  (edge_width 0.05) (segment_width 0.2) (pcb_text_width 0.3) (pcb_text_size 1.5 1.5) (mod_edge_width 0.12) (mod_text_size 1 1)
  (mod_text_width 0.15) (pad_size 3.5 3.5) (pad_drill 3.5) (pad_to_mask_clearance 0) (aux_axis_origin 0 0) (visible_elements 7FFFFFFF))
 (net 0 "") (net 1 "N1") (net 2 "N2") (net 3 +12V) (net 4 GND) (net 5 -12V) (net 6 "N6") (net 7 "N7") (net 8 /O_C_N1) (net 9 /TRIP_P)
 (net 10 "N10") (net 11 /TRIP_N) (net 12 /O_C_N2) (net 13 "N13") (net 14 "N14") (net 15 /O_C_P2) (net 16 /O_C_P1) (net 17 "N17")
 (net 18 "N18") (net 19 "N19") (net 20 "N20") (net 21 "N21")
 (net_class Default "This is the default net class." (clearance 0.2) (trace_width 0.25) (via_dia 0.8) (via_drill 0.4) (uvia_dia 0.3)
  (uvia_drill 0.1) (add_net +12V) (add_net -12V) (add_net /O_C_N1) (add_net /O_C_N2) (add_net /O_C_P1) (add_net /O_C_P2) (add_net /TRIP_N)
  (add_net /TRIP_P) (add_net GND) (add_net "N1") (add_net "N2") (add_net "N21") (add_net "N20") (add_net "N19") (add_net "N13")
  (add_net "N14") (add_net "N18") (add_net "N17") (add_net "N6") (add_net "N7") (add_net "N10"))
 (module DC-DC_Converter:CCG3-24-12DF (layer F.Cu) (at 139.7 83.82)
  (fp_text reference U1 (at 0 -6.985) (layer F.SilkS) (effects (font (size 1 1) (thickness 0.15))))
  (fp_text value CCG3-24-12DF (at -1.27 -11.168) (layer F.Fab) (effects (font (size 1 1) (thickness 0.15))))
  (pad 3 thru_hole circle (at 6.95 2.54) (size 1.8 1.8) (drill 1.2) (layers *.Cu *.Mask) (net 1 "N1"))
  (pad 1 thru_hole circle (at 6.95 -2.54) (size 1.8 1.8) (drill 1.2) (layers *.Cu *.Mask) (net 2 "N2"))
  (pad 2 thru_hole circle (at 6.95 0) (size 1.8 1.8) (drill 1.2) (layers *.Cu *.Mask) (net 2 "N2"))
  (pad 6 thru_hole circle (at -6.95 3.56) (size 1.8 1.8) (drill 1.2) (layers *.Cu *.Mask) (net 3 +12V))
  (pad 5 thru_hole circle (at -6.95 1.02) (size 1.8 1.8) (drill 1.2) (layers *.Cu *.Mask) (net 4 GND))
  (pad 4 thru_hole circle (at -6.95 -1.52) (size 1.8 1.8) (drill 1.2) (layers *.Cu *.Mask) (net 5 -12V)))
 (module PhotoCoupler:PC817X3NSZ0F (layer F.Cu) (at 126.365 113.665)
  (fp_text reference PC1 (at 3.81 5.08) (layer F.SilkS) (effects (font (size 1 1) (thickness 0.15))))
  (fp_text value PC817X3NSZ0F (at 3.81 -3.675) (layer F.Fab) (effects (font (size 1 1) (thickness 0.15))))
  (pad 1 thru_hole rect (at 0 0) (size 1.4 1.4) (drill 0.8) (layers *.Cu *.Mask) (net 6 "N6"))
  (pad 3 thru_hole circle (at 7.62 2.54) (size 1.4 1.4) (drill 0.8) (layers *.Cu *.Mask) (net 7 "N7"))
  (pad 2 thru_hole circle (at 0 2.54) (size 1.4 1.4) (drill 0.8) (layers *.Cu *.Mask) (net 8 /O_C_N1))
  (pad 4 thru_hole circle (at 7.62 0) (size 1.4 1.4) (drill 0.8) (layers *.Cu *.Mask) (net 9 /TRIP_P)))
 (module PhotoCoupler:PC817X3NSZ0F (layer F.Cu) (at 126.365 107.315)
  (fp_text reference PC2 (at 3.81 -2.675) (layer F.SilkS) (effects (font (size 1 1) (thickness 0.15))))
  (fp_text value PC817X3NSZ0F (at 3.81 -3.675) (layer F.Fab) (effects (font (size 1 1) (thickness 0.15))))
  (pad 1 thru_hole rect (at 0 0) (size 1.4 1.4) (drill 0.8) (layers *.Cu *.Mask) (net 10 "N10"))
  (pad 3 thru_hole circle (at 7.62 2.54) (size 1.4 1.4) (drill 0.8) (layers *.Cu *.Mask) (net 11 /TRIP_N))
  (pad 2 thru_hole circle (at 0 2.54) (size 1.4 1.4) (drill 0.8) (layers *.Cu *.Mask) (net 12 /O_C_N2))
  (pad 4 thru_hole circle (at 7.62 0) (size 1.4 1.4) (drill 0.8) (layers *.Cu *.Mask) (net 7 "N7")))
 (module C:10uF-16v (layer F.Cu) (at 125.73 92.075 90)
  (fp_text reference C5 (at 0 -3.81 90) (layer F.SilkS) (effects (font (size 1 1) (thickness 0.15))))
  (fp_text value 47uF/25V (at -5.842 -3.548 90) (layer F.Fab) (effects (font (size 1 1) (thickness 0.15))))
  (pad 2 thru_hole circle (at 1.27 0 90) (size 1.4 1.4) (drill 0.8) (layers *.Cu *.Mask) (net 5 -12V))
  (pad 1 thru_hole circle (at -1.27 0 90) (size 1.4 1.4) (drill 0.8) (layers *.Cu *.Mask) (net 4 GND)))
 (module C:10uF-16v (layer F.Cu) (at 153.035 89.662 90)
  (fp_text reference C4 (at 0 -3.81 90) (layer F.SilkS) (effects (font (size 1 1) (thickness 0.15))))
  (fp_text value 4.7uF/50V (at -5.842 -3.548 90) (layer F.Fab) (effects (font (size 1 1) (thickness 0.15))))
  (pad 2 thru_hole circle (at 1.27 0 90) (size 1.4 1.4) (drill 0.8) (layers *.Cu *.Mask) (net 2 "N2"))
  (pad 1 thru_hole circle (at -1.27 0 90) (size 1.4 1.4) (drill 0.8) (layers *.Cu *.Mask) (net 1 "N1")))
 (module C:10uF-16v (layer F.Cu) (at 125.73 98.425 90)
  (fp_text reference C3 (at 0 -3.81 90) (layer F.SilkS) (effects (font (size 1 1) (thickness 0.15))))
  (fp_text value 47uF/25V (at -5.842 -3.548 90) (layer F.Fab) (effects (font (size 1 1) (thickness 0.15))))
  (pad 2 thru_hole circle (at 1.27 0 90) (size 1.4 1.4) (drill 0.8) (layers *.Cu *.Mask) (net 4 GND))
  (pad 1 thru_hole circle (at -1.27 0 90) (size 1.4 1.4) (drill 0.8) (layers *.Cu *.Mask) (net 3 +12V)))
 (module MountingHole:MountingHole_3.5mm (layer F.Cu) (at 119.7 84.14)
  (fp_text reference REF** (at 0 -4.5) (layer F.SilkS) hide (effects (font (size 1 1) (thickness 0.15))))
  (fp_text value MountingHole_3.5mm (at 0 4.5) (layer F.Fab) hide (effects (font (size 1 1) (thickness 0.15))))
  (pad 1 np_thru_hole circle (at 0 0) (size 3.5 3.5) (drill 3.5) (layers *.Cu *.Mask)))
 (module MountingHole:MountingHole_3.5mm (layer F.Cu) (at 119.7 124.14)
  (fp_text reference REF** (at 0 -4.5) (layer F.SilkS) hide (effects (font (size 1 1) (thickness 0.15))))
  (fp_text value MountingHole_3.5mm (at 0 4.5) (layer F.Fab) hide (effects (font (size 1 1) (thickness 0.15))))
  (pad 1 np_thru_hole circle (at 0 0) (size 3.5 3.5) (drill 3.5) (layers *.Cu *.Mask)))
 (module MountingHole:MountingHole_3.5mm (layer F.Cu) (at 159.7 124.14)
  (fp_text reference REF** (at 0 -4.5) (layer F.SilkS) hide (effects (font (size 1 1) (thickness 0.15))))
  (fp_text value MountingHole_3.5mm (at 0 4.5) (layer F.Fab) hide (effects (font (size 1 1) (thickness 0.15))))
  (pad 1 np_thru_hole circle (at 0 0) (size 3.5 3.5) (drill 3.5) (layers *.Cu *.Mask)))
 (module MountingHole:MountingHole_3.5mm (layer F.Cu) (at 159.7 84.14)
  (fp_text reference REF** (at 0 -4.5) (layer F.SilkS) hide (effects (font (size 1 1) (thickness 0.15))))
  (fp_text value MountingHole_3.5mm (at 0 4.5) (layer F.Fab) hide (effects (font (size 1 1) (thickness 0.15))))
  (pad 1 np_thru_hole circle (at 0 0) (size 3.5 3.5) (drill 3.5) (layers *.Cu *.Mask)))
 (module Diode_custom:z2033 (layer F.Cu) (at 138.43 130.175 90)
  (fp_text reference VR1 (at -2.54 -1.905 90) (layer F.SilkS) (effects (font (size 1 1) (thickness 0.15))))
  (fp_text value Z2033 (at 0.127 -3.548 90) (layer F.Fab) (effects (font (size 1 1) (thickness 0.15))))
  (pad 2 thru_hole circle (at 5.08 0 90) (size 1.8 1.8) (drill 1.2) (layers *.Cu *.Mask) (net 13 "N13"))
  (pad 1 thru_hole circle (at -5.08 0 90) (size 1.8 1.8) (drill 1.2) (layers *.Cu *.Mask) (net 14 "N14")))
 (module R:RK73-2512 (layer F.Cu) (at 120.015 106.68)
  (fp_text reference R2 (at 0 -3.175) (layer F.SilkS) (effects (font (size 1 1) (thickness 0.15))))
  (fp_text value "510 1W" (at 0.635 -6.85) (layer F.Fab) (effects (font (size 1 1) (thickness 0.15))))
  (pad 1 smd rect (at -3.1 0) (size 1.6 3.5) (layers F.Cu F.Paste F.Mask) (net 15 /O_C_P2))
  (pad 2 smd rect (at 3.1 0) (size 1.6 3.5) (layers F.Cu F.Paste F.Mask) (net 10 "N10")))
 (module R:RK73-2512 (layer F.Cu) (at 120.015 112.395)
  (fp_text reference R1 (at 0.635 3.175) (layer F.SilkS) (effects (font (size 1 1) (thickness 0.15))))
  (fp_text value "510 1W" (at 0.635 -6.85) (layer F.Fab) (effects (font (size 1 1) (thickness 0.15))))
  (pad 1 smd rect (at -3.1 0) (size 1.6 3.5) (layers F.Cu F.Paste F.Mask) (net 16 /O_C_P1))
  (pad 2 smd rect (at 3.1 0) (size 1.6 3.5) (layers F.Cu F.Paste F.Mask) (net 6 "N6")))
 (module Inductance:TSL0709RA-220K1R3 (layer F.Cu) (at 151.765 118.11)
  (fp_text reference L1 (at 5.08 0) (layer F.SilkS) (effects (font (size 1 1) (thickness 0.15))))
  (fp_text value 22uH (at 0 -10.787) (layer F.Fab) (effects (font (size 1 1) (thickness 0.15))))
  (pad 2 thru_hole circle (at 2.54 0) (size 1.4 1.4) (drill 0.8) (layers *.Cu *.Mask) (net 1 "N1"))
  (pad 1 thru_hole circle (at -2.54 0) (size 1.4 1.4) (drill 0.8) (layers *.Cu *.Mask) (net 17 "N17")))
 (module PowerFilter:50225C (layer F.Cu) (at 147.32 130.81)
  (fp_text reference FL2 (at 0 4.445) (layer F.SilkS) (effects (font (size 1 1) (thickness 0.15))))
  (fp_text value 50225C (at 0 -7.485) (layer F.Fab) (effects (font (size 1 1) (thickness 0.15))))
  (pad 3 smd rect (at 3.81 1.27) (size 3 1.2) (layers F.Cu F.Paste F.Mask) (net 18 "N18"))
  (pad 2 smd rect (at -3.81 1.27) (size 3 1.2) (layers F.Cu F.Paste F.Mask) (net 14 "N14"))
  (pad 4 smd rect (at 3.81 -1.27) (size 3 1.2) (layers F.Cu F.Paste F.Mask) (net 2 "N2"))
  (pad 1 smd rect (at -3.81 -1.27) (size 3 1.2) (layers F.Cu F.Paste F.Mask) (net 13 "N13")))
§
About this task: Beginning with the line containing "(module PowerFilter:50225C (layer" and ending with the line containing "(pad 2 smd rect (at -3.81", extract those lines exactly from the listing above, and only those.

Answer for this exercise:
 (module PowerFilter:50225C (layer F.Cu) (at 147.32 130.81)
  (fp_text reference FL2 (at 0 4.445) (layer F.SilkS) (effects (font (size 1 1) (thickness 0.15))))
  (fp_text value 50225C (at 0 -7.485) (layer F.Fab) (effects (font (size 1 1) (thickness 0.15))))
  (pad 3 smd rect (at 3.81 1.27) (size 3 1.2) (layers F.Cu F.Paste F.Mask) (net 18 "N18"))
  (pad 2 smd rect (at -3.81 1.27) (size 3 1.2) (layers F.Cu F.Paste F.Mask) (net 14 "N14"))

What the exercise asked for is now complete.